Here is the where the session ID is picked:
[https://github.com/gravitational/teleconsole/blob/54c8bddb47...](https://github.com/gravitational/teleconsole/blob/54c8bddb477e84f63a5bf092f95853b485ede0f0/clt/api_client.go#L121)

Here is the source of that helper function:
[https://github.com/gravitational/teleport/blob/9bde8462f272e...](https://github.com/gravitational/teleport/blob/9bde8462f272e22ced32999afea349881ec0f45a/lib/utils/rand.go#L32)

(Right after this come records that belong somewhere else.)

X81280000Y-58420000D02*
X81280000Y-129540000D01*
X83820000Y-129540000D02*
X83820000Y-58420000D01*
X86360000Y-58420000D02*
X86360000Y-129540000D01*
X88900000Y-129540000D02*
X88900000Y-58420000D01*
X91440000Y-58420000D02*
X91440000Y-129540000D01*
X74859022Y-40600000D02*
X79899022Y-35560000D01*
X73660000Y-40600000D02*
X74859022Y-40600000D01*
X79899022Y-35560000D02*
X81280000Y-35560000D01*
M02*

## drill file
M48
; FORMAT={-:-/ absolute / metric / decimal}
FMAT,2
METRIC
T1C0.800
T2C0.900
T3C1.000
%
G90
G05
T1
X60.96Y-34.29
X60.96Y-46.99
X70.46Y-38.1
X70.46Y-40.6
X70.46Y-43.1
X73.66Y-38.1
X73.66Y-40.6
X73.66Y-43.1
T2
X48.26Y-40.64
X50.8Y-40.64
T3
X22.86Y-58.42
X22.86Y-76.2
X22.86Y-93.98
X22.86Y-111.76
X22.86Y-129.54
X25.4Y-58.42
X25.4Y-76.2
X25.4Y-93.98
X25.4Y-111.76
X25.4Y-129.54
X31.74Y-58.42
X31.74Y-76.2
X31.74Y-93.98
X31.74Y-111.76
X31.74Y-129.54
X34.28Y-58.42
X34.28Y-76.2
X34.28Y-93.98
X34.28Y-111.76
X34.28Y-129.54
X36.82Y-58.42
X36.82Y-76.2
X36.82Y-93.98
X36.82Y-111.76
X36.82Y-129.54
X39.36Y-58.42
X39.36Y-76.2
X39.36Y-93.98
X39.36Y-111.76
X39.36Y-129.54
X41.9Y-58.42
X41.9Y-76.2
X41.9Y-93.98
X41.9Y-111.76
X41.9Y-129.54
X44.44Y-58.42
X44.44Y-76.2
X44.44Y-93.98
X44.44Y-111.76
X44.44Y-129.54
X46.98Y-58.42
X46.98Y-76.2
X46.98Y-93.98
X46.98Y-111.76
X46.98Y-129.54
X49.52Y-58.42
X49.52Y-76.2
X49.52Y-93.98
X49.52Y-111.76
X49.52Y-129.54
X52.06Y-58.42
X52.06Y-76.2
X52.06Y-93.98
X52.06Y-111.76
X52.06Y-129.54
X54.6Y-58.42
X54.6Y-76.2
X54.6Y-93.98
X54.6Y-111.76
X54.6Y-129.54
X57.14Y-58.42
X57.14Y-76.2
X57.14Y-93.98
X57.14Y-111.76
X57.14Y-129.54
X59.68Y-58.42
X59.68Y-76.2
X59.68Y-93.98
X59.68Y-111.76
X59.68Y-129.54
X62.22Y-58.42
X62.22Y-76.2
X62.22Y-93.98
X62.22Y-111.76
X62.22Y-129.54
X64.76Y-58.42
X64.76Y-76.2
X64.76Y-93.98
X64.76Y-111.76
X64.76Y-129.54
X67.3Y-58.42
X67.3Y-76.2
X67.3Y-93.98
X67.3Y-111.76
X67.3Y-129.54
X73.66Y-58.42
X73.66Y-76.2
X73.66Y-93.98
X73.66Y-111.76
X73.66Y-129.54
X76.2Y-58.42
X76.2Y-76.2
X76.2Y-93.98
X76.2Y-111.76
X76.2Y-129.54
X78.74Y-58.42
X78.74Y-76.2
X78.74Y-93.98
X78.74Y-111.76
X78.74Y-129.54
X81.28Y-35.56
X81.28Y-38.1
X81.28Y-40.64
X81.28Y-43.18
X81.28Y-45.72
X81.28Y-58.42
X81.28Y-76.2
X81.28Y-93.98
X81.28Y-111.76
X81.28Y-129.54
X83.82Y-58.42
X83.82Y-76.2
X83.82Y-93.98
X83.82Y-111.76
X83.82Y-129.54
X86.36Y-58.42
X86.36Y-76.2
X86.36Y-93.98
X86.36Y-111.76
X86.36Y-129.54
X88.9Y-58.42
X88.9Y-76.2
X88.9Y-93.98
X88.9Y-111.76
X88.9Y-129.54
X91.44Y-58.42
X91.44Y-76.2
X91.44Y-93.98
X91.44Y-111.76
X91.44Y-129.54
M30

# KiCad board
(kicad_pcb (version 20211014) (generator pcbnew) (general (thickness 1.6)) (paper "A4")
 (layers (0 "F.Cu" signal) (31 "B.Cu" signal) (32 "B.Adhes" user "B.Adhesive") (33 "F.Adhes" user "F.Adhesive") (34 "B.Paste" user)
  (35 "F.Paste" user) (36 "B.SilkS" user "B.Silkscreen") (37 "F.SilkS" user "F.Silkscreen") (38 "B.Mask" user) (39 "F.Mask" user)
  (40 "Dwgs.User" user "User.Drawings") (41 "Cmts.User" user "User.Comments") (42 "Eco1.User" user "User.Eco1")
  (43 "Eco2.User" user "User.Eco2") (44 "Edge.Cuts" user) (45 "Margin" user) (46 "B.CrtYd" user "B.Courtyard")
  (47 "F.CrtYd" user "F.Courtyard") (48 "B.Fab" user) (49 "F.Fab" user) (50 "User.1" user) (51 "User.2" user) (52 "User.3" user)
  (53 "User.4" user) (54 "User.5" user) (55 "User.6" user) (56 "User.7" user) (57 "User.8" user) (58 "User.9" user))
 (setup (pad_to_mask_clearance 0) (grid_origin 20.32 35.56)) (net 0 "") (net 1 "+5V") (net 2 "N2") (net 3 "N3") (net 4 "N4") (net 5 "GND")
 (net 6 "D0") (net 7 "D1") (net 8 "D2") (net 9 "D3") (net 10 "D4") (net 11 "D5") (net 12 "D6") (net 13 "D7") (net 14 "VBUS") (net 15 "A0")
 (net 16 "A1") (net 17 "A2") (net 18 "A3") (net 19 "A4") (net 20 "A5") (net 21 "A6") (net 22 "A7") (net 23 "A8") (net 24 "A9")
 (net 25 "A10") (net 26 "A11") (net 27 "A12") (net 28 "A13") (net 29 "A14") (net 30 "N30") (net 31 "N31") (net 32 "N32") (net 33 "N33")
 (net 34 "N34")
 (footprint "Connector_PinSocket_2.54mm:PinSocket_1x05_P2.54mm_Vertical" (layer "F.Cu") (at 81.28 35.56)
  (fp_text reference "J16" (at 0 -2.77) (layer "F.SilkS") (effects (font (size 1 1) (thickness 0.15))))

And at this depth, we can stop;
[https://golang.org/pkg/crypto/rand/](https://golang.org/pkg/crypto/rand/) is
documented as "a cryptographically secure pseudorandom number generator". If
you would like to audit _that_ , I commend you, but would also attest that the
Go standard library, when it declares cryptographically secure, is about as
reliable as it gets.

Total time to verify: about two minutes. I would understand if it's slightly
slower for someone not previously experienced with golang and thus not knowing
to grep for "crypto" in "crypto/rand", and I do not wish to make light of your
(valid) desire that we all take these matters seriously. But sometimes things
are simply correct. This, joyously, is one of those times.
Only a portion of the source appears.